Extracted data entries

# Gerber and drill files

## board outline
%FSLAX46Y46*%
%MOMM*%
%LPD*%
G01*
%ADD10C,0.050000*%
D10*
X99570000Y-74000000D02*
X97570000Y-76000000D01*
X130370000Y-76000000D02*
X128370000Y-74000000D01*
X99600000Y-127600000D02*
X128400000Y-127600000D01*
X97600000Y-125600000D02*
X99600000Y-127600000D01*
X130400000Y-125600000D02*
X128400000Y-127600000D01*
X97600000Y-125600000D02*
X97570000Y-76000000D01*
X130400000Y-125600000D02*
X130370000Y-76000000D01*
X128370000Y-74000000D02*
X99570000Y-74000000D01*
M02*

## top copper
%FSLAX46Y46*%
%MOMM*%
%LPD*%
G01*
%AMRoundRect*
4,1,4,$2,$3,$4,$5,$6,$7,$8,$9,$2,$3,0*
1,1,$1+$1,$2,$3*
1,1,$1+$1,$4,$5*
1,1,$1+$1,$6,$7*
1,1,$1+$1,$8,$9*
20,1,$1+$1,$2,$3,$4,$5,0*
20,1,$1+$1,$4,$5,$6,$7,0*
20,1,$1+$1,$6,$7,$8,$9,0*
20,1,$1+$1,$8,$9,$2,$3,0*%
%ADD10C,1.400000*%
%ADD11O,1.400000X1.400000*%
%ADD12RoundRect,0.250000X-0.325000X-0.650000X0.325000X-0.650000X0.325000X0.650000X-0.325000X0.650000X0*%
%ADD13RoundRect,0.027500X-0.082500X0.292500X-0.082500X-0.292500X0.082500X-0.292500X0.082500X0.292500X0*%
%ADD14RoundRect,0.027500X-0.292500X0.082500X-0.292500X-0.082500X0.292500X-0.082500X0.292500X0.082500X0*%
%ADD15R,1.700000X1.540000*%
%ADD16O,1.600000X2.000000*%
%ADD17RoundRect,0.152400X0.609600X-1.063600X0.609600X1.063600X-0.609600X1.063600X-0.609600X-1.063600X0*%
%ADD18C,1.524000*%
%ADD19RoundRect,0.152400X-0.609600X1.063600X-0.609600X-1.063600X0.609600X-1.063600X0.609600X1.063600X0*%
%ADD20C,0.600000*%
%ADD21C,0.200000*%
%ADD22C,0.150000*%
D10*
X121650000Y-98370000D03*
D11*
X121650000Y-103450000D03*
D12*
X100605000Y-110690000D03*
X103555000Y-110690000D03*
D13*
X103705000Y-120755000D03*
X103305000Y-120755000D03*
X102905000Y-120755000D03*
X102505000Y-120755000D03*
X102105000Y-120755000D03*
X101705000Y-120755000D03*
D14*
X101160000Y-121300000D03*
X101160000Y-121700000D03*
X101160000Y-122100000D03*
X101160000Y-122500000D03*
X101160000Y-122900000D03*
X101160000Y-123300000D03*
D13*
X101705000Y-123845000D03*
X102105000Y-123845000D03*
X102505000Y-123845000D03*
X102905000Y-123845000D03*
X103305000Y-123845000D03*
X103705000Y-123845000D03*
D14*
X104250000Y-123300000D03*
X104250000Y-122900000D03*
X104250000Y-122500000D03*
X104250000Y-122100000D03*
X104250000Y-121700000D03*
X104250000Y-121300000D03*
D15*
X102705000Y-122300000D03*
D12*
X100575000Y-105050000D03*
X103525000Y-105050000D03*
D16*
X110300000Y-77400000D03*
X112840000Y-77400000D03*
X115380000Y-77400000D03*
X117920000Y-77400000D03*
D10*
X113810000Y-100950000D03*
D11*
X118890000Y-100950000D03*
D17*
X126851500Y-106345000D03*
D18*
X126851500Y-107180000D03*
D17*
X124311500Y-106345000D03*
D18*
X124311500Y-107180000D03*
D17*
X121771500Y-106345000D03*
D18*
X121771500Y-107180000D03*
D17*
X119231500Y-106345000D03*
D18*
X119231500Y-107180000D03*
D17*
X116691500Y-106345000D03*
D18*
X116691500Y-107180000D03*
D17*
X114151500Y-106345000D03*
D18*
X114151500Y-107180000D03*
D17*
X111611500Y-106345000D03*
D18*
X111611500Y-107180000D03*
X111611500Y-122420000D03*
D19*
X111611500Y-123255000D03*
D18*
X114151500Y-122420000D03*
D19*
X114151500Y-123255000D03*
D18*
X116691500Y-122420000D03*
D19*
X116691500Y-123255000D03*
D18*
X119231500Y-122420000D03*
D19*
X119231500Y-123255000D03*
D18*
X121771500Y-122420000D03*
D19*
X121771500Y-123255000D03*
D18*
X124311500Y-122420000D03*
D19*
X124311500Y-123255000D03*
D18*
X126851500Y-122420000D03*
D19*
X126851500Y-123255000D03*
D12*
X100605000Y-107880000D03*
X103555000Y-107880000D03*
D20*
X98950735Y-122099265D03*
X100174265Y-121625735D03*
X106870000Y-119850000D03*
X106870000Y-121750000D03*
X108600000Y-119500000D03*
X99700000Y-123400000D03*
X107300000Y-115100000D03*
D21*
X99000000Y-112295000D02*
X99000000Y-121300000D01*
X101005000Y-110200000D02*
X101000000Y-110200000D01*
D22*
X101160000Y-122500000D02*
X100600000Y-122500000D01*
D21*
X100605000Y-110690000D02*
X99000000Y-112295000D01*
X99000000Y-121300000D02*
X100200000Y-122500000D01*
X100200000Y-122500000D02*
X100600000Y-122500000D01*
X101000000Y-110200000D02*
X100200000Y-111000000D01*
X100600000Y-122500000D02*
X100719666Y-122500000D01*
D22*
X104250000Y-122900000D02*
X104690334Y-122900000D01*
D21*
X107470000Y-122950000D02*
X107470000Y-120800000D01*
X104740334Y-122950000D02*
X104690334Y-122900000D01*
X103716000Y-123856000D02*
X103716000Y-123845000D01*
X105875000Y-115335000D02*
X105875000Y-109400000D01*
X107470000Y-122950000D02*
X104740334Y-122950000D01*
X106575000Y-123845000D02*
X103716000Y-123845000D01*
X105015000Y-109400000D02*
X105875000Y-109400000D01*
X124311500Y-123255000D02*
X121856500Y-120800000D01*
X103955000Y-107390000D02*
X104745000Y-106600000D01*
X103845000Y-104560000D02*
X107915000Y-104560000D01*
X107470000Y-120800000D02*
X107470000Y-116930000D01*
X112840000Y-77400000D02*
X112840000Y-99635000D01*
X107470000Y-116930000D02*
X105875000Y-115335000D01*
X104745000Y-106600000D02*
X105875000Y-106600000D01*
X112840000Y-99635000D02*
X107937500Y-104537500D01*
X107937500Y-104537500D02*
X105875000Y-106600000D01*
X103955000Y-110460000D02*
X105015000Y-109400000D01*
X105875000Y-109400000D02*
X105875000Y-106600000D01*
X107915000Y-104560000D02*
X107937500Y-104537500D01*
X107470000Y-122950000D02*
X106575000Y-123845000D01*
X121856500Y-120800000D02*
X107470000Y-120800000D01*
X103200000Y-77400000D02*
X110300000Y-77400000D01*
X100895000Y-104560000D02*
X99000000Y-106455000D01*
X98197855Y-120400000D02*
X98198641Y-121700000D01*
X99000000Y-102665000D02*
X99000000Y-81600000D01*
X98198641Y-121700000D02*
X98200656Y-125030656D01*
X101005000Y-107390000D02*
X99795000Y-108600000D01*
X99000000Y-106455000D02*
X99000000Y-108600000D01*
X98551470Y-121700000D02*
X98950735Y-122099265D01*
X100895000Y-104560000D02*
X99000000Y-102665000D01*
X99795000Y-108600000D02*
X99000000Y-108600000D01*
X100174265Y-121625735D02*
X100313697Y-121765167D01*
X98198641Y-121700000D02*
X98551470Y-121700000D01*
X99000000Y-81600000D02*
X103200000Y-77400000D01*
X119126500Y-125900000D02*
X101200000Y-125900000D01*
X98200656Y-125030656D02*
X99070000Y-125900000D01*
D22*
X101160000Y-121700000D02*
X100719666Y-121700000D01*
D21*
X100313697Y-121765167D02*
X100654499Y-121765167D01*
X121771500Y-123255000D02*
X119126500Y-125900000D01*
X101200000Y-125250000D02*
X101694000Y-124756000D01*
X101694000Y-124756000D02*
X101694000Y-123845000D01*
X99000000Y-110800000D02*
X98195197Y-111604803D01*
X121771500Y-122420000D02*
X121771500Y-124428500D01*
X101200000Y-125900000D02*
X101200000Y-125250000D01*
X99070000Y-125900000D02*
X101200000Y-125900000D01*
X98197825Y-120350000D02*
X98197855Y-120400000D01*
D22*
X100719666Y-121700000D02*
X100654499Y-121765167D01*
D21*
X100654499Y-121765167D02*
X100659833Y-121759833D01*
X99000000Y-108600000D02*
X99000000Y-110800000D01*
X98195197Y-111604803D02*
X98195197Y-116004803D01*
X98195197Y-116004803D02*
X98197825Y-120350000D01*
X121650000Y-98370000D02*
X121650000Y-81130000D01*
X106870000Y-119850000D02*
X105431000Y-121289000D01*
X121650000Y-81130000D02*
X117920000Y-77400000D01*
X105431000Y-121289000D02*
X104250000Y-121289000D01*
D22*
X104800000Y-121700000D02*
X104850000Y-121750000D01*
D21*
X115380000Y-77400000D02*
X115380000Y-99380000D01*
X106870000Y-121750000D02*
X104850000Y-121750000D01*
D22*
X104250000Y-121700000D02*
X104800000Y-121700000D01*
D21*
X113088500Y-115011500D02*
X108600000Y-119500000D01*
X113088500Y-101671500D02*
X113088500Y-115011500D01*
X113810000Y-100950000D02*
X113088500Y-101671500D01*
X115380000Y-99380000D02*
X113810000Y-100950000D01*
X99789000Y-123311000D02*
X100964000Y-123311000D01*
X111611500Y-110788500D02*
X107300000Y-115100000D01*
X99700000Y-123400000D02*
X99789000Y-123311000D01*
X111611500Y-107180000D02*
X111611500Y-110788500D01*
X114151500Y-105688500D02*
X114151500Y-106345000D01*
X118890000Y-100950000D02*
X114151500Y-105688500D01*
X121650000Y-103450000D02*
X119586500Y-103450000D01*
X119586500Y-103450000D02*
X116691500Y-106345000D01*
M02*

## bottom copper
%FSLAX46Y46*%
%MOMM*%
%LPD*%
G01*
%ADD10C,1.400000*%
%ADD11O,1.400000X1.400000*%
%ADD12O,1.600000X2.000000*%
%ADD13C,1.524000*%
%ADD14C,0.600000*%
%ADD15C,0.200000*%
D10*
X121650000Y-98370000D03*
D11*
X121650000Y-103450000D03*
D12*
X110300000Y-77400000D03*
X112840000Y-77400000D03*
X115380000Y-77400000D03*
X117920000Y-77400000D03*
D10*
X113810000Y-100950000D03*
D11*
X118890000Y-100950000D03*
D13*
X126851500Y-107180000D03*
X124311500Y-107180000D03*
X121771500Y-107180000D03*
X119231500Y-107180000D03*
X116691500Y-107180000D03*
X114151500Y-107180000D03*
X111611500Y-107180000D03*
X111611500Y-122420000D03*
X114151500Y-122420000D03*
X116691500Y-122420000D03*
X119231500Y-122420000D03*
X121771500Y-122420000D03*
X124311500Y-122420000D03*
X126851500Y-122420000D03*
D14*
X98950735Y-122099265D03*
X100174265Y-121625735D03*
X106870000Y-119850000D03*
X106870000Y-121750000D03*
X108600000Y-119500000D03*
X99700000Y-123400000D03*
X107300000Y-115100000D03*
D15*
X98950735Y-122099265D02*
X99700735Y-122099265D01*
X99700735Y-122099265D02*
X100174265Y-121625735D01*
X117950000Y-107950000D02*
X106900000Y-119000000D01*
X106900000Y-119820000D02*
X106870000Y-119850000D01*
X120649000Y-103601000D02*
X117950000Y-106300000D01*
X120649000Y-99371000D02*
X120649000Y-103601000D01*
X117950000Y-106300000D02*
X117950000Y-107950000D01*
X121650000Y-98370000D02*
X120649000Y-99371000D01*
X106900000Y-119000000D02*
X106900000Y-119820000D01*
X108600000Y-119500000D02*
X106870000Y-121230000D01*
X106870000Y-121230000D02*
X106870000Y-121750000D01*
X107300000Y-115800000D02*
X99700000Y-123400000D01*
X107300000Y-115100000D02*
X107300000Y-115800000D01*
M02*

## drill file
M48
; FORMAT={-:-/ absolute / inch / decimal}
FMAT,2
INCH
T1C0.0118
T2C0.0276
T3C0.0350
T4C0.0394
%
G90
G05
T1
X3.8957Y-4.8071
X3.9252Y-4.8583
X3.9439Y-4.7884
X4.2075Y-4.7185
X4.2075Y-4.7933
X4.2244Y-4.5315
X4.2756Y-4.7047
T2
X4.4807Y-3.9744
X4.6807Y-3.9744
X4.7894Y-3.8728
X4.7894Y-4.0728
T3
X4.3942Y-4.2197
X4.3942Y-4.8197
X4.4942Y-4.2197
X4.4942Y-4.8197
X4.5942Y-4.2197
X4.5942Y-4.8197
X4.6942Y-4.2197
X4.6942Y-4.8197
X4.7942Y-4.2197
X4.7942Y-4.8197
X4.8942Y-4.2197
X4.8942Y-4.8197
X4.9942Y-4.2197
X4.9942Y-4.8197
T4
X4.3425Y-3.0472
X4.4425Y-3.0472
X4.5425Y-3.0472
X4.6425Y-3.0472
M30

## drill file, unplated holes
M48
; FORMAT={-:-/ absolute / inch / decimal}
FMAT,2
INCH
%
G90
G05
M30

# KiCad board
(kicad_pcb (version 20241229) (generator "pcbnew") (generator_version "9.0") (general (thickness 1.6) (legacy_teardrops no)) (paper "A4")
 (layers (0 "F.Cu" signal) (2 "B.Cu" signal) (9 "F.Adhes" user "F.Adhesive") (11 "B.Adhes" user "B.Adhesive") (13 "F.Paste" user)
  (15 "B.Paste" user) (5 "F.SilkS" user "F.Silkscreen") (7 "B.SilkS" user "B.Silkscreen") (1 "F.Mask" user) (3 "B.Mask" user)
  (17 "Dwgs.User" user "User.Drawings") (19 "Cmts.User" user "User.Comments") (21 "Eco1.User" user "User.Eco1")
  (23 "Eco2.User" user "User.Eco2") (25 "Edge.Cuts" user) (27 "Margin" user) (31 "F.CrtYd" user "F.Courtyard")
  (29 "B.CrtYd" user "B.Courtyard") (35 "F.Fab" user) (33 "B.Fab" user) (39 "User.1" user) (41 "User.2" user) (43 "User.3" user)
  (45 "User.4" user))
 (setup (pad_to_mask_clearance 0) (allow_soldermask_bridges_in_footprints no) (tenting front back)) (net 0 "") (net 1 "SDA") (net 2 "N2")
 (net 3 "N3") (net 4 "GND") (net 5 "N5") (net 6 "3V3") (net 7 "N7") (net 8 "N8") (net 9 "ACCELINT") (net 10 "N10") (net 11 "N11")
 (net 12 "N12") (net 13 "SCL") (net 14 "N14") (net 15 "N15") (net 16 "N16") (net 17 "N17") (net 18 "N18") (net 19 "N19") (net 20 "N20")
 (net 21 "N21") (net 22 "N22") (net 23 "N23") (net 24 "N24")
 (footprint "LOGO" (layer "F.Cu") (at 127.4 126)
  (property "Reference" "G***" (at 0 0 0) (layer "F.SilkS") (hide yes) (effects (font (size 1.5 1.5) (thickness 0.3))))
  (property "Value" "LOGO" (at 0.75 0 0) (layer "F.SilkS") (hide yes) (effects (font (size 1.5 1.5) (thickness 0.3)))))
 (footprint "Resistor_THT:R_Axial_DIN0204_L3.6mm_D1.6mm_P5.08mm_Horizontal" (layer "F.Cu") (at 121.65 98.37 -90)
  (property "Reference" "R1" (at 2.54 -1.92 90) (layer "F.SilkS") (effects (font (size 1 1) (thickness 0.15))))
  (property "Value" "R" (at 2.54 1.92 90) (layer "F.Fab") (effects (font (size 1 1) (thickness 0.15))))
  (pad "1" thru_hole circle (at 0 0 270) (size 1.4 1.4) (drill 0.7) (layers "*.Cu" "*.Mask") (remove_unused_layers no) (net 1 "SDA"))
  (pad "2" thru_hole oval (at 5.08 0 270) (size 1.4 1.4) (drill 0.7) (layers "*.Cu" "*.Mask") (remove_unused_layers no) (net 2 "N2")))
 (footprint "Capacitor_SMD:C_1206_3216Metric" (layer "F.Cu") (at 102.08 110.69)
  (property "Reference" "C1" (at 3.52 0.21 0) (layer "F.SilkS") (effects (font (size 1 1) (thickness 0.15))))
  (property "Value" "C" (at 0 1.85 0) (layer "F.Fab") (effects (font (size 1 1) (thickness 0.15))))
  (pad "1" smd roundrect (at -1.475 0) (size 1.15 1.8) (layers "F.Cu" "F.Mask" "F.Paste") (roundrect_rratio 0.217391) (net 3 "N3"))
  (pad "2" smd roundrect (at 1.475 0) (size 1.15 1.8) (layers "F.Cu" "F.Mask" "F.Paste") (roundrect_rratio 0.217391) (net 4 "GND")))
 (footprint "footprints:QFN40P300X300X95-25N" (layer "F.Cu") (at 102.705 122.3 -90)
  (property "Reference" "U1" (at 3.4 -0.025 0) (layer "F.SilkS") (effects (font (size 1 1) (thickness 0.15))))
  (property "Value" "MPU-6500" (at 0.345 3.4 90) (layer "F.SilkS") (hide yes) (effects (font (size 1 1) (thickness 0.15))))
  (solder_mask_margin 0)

Instructions for the task – How many lines of the data contain the word "CrtYd"? Answer with the number alone.

Response to the task – 2